Emosi-emosi yang menempatkan laki-laki dalam keterasingan inilah yang justru menampakkan kelemahan-kelemahan dari diri mereka sendiri. Secara tidak langsung ada kelemahan yang tidak bisa mereka akui dan kemudian mengalihkannya menjadi sebuah alasan untuk menjadi sebuah kekuatan dengan cara menjadi penguasa. Sebetulnya, gambaran kita tentang gender adalah produk dari masyarakat sendiri.
Bentuk pemisahan antara laki-laki dan perempuan merupakan hasil produk konstruksi sosial yang telah kita buat tanpa kita sadari. Dan inilah yang menyebabkan berat sebelah dan menimbulkan kecemburuan oleh perempuan sehingga membentuk gerakan feminisme. Feminimitas dan maskulinitas ditentukan oleh banyak faktor, mulai dari budaya, ras, hingga suku. Bentuk ekspresi keduanya sesungguhnya merugikan semua pihak termasuk laki-laki dan perempuan bahwa kita harus memenuhi tuntutan-tuntutan dan keharusan-keharusan bukan atas dasar kebebasan dan ekspresi pribadi. Misalnya laki-laki yang baik digambarkan dengan kemaskulinan sedangkan perempuan yang baik digambarkan dengan sifat yang cantik dan feminim.

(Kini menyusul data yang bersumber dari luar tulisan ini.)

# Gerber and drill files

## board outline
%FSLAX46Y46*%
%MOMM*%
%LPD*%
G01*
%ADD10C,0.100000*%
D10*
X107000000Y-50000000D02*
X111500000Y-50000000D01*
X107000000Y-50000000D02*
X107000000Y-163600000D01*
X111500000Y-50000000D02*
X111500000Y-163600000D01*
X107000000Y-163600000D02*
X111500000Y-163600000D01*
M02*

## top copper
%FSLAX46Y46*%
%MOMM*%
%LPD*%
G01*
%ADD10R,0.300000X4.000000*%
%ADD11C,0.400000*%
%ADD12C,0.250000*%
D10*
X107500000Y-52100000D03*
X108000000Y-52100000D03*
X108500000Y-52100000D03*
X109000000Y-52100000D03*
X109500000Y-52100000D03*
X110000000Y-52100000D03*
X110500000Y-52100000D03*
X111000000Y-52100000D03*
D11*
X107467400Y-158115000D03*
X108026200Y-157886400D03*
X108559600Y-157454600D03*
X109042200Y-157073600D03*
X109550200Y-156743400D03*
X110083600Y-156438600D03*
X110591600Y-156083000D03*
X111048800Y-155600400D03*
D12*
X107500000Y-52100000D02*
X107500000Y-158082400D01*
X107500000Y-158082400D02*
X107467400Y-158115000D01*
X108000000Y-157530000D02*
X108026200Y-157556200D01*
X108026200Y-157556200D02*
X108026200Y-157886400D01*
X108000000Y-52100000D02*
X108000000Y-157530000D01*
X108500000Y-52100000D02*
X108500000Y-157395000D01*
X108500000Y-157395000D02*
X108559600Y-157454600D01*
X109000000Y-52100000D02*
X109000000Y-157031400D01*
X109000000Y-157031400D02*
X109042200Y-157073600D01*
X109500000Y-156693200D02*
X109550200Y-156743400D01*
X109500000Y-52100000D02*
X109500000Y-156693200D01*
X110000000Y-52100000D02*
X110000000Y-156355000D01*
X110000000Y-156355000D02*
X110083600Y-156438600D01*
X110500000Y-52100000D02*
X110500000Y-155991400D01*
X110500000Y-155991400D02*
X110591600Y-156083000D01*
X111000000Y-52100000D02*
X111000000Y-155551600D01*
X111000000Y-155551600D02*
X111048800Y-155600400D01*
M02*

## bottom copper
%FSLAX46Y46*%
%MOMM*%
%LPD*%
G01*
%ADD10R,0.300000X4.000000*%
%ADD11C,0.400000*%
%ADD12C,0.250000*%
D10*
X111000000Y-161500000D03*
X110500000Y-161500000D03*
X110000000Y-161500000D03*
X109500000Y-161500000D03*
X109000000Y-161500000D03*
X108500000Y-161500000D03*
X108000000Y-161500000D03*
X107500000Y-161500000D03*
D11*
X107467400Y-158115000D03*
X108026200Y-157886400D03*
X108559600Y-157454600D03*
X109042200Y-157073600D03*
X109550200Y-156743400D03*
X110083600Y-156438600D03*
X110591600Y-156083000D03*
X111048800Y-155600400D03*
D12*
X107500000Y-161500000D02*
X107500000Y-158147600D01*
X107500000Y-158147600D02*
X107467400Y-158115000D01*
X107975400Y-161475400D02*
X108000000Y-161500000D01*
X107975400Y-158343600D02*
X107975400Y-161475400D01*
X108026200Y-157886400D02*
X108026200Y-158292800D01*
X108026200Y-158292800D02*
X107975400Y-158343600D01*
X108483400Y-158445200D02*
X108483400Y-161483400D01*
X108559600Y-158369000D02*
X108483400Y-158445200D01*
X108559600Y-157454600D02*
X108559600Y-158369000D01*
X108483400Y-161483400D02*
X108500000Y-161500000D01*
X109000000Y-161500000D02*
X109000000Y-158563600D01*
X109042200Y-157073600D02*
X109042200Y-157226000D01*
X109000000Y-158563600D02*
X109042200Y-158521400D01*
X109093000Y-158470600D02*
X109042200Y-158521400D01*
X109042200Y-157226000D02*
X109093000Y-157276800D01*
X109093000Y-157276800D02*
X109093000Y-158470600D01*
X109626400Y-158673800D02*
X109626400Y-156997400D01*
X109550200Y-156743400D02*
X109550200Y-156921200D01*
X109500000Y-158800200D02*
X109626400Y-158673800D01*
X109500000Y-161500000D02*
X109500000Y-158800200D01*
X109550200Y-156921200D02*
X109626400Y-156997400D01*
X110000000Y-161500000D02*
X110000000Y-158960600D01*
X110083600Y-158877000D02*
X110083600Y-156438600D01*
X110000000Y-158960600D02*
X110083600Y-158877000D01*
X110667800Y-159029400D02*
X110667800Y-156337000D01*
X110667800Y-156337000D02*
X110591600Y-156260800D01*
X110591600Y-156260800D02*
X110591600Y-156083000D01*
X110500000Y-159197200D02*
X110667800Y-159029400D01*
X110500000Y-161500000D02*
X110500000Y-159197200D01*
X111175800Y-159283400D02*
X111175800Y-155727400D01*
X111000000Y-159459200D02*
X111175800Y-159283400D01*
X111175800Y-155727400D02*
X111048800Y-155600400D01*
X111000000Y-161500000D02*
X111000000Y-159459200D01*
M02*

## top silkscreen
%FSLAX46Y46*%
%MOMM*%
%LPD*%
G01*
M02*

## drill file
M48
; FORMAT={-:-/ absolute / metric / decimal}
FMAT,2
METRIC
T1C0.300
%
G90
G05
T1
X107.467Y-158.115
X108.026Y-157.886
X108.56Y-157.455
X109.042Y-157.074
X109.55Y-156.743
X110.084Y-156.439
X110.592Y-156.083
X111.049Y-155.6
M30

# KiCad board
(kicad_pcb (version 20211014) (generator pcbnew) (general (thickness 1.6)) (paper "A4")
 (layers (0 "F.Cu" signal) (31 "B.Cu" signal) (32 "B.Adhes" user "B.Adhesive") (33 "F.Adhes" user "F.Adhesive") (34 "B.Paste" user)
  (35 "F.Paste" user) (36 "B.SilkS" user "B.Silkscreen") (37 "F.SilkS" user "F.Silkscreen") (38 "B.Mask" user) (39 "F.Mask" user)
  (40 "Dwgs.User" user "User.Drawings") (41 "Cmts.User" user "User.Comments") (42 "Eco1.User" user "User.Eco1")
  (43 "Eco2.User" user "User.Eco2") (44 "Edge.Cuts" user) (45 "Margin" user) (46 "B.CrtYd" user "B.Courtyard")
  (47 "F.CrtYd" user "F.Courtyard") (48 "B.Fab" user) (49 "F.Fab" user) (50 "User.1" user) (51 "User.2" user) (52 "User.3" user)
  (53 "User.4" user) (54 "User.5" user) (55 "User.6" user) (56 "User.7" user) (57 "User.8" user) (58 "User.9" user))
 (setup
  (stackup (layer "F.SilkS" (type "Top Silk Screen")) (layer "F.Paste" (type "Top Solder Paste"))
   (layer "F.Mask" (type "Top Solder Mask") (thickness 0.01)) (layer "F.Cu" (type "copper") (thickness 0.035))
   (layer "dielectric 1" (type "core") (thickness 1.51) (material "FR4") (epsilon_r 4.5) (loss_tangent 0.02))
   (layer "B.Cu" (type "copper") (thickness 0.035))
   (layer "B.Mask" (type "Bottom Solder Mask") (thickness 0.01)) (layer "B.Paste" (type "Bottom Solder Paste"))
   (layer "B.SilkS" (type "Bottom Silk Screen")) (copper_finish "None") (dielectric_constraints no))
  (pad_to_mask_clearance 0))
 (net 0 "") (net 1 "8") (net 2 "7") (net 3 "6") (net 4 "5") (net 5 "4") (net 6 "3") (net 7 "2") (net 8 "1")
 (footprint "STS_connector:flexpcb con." (layer "F.Cu") (at 107 54.1)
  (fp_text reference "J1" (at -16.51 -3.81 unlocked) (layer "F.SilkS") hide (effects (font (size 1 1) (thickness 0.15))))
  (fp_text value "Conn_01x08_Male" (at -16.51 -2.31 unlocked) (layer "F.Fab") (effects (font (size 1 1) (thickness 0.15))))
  (pad "1" smd rect (at 0.5 -2) (size 0.3 4) (layers "F.Cu" "F.Paste" "F.Mask") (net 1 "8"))
  (pad "2" smd rect (at 1 -2) (size 0.3 4) (layers "F.Cu" "F.Paste" "F.Mask") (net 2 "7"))
  (pad "3" smd rect (at 1.5 -2) (size 0.3 4) (layers "F.Cu" "F.Paste" "F.Mask") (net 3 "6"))
  (pad "4" smd rect (at 2 -2) (size 0.3 4) (layers "F.Cu" "F.Paste" "F.Mask") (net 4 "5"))
  (pad "5" smd rect (at 2.5 -2) (size 0.3 4) (layers "F.Cu" "F.Paste" "F.Mask") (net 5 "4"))
  (pad "6" smd rect (at 3 -2) (size 0.3 4) (layers "F.Cu" "F.Paste" "F.Mask") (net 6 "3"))
  (pad "7" smd rect (at 3.5 -2) (size 0.3 4) (layers "F.Cu" "F.Paste" "F.Mask") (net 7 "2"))
  (pad "8" smd rect (at 4 -2) (size 0.3 4) (layers "F.Cu" "F.Paste" "F.Mask") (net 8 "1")))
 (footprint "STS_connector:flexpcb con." (layer "B.Cu") (at 111.5 163.5 180)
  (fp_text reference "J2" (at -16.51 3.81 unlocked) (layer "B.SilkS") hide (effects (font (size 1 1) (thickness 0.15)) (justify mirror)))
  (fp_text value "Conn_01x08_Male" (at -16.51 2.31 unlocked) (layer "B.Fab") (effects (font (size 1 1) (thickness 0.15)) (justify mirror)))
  (pad "1" smd rect (at 0.5 2 180) (size 0.3 4) (layers "B.Cu" "B.Paste" "B.Mask") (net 8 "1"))
  (pad "2" smd rect (at 1 2 180) (size 0.3 4) (layers "B.Cu" "B.Paste" "B.Mask") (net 7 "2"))
  (pad "3" smd rect (at 1.5 2 180) (size 0.3 4) (layers "B.Cu" "B.Paste" "B.Mask") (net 6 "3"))
  (pad "4" smd rect (at 2 2 180) (size 0.3 4) (layers "B.Cu" "B.Paste" "B.Mask") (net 5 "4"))
  (pad "5" smd rect (at 2.5 2 180) (size 0.3 4) (layers "B.Cu" "B.Paste" "B.Mask") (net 4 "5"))
  (pad "6" smd rect (at 3 2 180) (size 0.3 4) (layers "B.Cu" "B.Paste" "B.Mask") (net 3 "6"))
  (pad "7" smd rect (at 3.5 2 180) (size 0.3 4) (layers "B.Cu" "B.Paste" "B.Mask") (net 2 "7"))
  (pad "8" smd rect (at 4 2 180) (size 0.3 4) (layers "B.Cu" "B.Paste" "B.Mask") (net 1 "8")))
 (gr_line (start 107 50) (end 111.5 50) (layer "Edge.Cuts") (width 0.1))
 (gr_line (start 107 50) (end 107 163.6) (layer "Edge.Cuts") (width 0.1))
 (gr_line (start 111.5 50) (end 111.5 163.6) (layer "Edge.Cuts") (width 0.1))
 (gr_line (start 107 163.6) (end 111.5 163.6) (layer "Edge.Cuts") (width 0.1))
 (segment (start 107.5 52.1) (end 107.5 158.0824) (width 0.25) (layer "F.Cu") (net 1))
 (segment (start 107.5 158.0824) (end 107.4674 158.115) (width 0.25) (layer "F.Cu") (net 1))
 (via (at 107.4674 158.115) (size 0.4) (drill 0.3) (layers "F.Cu" "B.Cu") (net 1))
 (segment (start 107.5 161.5) (end 107.5 158.1476) (width 0.25) (layer "B.Cu") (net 1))
 (segment (start 107.5 158.1476) (end 107.4674 158.115) (width 0.25) (layer "B.Cu") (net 1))
 (segment (start 108 157.53) (end 108.0262 157.5562) (width 0.25) (layer "F.Cu") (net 2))
 (segment (start 108.0262 157.5562) (end 108.0262 157.8864) (width 0.25) (layer "F.Cu") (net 2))
 (segment (start 108 52.1) (end 108 157.53) (width 0.25) (layer "F.Cu") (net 2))
 (via (at 108.0262 157.8864) (size 0.4) (drill 0.3) (layers "F.Cu" "B.Cu") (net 2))
 (segment (start 107.9754 161.4754) (end 108 161.5) (width 0.25) (layer "B.Cu") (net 2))
 (segment (start 107.9754 158.3436) (end 107.9754 161.4754) (width 0.25) (layer "B.Cu") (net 2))
 (segment (start 108.0262 157.8864) (end 108.0262 158.2928) (width 0.25) (layer "B.Cu") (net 2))
 (segment (start 108.0262 158.2928) (end 107.9754 158.3436) (width 0.25) (layer "B.Cu") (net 2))
 (segment (start 108.5 52.1) (end 108.5 157.395) (width 0.25) (layer "F.Cu") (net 3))
 (segment (start 108.5 157.395) (end 108.5596 157.4546) (width 0.25) (layer "F.Cu") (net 3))
 (via (at 108.5596 157.4546) (size 0.4) (drill 0.3) (layers "F.Cu" "B.Cu") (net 3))
 (segment (start 108.4834 158.4452) (end 108.4834 161.4834) (width 0.25) (layer "B.Cu") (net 3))
 (segment (start 108.5596 158.369) (end 108.4834 158.4452) (width 0.25) (layer "B.Cu") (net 3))
 (segment (start 108.5596 157.4546) (end 108.5596 158.369) (width 0.25) (layer "B.Cu") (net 3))
 (segment (start 108.4834 161.4834) (end 108.5 161.5) (width 0.25) (layer "B.Cu") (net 3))
 (segment (start 109 52.1) (end 109 157.0314) (width 0.25) (layer "F.Cu") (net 4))
 (segment (start 109 157.0314) (end 109.0422 157.0736) (width 0.25) (layer "F.Cu") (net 4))
 (via (at 109.0422 157.0736) (size 0.4) (drill 0.3) (layers "F.Cu" "B.Cu") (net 4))
 (segment (start 109 161.5) (end 109 158.5636) (width 0.25) (layer "B.Cu") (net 4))
 (segment (start 109.0422 157.0736) (end 109.0422 157.226) (width 0.25) (layer "B.Cu") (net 4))
 (segment (start 109 158.5636) (end 109.0422 158.5214) (width 0.25) (layer "B.Cu") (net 4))
 (segment (start 109.093 158.4706) (end 109.0422 158.5214) (width 0.25) (layer "B.Cu") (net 4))
 (segment (start 109.0422 157.226) (end 109.093 157.2768) (width 0.25) (layer "B.Cu") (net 4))
 (segment (start 109.093 157.2768) (end 109.093 158.4706) (width 0.25) (layer "B.Cu") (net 4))
 (segment (start 109.5 156.6932) (end 109.5502 156.7434) (width 0.25) (layer "F.Cu") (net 5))
 (segment (start 109.5 52.1) (end 109.5 156.6932) (width 0.25) (layer "F.Cu") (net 5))
 (via (at 109.5502 156.7434) (size 0.4) (drill 0.3) (layers "F.Cu" "B.Cu") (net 5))
 (segment (start 109.6264 158.6738) (end 109.6264 156.9974) (width 0.25) (layer "B.Cu") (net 5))
 (segment (start 109.5502 156.7434) (end 109.5502 156.9212) (width 0.25) (layer "B.Cu") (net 5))
 (segment (start 109.5 158.8002) (end 109.6264 158.6738) (width 0.25) (layer "B.Cu") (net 5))
 (segment (start 109.5 161.5) (end 109.5 158.8002) (width 0.25) (layer "B.Cu") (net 5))
 (segment (start 109.5502 156.9212) (end 109.6264 156.9974) (width 0.25) (layer "B.Cu") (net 5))
 (segment (start 110 52.1) (end 110 156.355) (width 0.25) (layer "F.Cu") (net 6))
 (segment (start 110 156.355) (end 110.0836 156.4386) (width 0.25) (layer "F.Cu") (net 6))
 (via (at 110.0836 156.4386) (size 0.4) (drill 0.3) (layers "F.Cu" "B.Cu") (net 6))
 (segment (start 110 161.5) (end 110 158.9606) (width 0.25) (layer "B.Cu") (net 6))
 (segment (start 110.0836 158.877) (end 110.0836 156.4386) (width 0.25) (layer "B.Cu") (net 6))
 (segment (start 110 158.9606) (end 110.0836 158.877) (width 0.25) (layer "B.Cu") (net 6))
 (segment (start 110.5 52.1) (end 110.5 155.9914) (width 0.25) (layer "F.Cu") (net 7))
 (segment (start 110.5 155.9914) (end 110.5916 156.083) (width 0.25) (layer "F.Cu") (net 7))
 (via (at 110.5916 156.083) (size 0.4) (drill 0.3) (layers "F.Cu" "B.Cu") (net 7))
 (segment (start 110.6678 159.0294) (end 110.6678 156.337) (width 0.25) (layer "B.Cu") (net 7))
 (segment (start 110.6678 156.337) (end 110.5916 156.2608) (width 0.25) (layer "B.Cu") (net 7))
 (segment (start 110.5916 156.2608) (end 110.5916 156.083) (width 0.25) (layer "B.Cu") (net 7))
 (segment (start 110.5 159.1972) (end 110.6678 159.0294) (width 0.25) (layer "B.Cu") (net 7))
 (segment (start 110.5 161.5) (end 110.5 159.1972) (width 0.25) (layer "B.Cu") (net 7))
 (segment (start 111 52.1) (end 111 155.5516) (width 0.25) (layer "F.Cu") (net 8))
 (segment (start 111 155.5516) (end 111.0488 155.6004) (width 0.25) (layer "F.Cu") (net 8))
 (via (at 111.0488 155.6004) (size 0.4) (drill 0.3) (layers "F.Cu" "B.Cu") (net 8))
 (segment (start 111.1758 159.2834) (end 111.1758 155.7274) (width 0.25) (layer "B.Cu") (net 8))
 (segment (start 111 159.4592) (end 111.1758 159.2834) (width 0.25) (layer "B.Cu") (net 8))
 (segment (start 111.1758 155.7274) (end 111.0488 155.6004) (width 0.25) (layer "B.Cu") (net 8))
 (segment (start 111 161.5) (end 111 159.4592) (width 0.25) (layer "B.Cu") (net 8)))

Kenyataannya bahwa sifat laki-laki dan perempuan tidak berada pada dua kutub yang berseberangan, ada gradasi, pencampuran dan variasi. Kehadiran kelompok transgender atau interseksual adalah realitas yang ada di masyarakat yang tidak dapat diakomodasi dalam cara pandang patriarki.

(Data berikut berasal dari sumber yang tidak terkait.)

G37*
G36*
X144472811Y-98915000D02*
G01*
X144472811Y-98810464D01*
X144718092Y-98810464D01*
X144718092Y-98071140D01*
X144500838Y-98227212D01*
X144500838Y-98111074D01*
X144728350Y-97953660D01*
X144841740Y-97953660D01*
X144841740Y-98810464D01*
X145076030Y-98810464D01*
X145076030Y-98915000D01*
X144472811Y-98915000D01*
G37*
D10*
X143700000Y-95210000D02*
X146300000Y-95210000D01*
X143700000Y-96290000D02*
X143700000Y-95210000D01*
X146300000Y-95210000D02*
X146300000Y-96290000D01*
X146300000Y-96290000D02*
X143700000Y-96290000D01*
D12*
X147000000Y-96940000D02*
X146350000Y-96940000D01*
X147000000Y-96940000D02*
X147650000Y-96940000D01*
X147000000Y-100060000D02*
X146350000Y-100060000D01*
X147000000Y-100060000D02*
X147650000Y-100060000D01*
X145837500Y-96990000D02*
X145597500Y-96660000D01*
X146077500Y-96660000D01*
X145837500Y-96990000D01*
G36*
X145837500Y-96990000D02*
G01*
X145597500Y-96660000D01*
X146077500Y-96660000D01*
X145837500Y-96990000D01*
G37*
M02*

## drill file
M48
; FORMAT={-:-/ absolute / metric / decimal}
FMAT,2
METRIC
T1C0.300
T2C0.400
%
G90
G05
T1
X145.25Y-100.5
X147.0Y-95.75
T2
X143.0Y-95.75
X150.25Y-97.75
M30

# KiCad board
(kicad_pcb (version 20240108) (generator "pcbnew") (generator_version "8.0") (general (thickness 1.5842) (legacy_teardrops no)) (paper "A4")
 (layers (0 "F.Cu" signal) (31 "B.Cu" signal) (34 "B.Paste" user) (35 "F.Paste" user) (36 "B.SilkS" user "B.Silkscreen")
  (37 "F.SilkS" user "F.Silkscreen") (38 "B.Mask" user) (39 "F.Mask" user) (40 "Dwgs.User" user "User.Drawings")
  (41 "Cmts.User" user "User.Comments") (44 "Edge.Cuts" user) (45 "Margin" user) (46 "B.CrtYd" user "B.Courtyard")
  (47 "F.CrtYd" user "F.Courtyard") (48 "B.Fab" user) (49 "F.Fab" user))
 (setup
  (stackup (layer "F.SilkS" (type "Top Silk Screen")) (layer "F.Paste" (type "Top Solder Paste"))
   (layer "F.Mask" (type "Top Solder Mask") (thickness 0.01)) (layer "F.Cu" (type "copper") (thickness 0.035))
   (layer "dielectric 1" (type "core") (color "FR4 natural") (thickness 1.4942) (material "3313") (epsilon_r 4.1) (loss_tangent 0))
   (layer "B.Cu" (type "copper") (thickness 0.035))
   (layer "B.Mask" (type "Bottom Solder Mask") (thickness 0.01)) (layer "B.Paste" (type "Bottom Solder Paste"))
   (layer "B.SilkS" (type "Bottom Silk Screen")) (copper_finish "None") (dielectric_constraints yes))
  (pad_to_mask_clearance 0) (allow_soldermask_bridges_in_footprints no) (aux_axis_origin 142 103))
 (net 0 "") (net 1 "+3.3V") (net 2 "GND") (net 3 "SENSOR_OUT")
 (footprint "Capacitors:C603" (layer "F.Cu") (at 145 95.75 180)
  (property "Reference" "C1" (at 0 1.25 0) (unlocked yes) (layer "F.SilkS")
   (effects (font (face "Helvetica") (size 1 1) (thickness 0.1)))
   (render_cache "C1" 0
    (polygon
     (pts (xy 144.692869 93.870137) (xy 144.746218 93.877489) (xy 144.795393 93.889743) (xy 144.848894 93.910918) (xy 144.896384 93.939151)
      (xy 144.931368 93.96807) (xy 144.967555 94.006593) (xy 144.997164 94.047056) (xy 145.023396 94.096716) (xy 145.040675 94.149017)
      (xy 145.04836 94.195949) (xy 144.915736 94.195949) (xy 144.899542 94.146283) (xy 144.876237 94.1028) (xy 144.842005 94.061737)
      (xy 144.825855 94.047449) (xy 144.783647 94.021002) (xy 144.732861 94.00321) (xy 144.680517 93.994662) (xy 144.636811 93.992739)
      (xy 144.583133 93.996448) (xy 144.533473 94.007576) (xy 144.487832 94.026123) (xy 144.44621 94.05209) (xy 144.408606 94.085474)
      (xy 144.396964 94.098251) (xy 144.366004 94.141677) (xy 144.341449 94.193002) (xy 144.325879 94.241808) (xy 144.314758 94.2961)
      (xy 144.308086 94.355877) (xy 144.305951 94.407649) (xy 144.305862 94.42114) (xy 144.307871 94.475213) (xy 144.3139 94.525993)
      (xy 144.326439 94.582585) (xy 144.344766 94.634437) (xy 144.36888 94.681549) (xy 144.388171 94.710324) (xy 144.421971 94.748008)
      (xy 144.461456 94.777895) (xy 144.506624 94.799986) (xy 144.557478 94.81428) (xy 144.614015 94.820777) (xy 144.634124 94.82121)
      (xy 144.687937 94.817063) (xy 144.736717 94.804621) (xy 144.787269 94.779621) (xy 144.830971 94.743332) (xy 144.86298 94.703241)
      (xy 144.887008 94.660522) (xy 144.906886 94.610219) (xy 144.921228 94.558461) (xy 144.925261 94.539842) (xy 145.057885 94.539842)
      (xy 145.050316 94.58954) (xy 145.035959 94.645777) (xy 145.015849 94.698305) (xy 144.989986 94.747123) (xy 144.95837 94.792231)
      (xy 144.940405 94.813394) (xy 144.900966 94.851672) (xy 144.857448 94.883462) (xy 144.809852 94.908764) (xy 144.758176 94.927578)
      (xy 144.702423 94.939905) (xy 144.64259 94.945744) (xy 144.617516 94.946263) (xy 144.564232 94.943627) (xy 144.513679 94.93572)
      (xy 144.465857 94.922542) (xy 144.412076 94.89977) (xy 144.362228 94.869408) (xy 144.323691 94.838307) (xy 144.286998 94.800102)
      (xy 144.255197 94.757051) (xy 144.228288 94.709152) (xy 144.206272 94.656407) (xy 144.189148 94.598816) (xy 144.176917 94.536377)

Gender atau dengan adanya subordinasi perempuan telah mencengkram kuat sehingga dilegitimasi oleh undang-undang, pengetahuan, serta nilai-nilai masyarakat bahwa gender ini mengakibatkan perempuan berada di bawah laki-laki. Sesungguhnya, ini merupakan produk dari konstruksi sosial yang ada di masyarakat, ia tidak bisa diselesaikan sebatas dengan memberi kesempatan, cara pandang kitalah yang harus berubah.
Yang mau saya jelaskan di sini adalah, bahwa gender memang sudah menjadi hal yang kita anggap biasa, karena adanya konstruksi-konstruksi sosial yang menjadi bias di masyarakat dan kita biarkan begitu saja, sehingga menimbulkan kecemburuan pada pihak yang dinomorduakan, tak lain perempuan.
Dan anehnya lagi, bahwa gerakan-gerakan feminis yang dibentuk perempuan telah sangat melenceng dari ideologi awal yang menuntut kesetaraan, justru pada kenyataannya mencari kekuasaan. Dan inilah yang sangat disayangkan. Kalau saja kita secara bersama memahami bahwa hakikat feminisme adalah gerakan yang tidak hanya dikhususkan bagi perempuan, tetapi juga kaum laki-laki akibat dari timbulnya ketidaksetaraan gender karena konstruksi-konstruksi sosial, niscaya akan tercipta feminisme yang adil antara kedua belah pihak dan tidak berat sebelah.
Fakih, Mansour. 1996. Analisis Gender dan Transformasi Sosial. Yogyakarta: Pustaka Pelajar.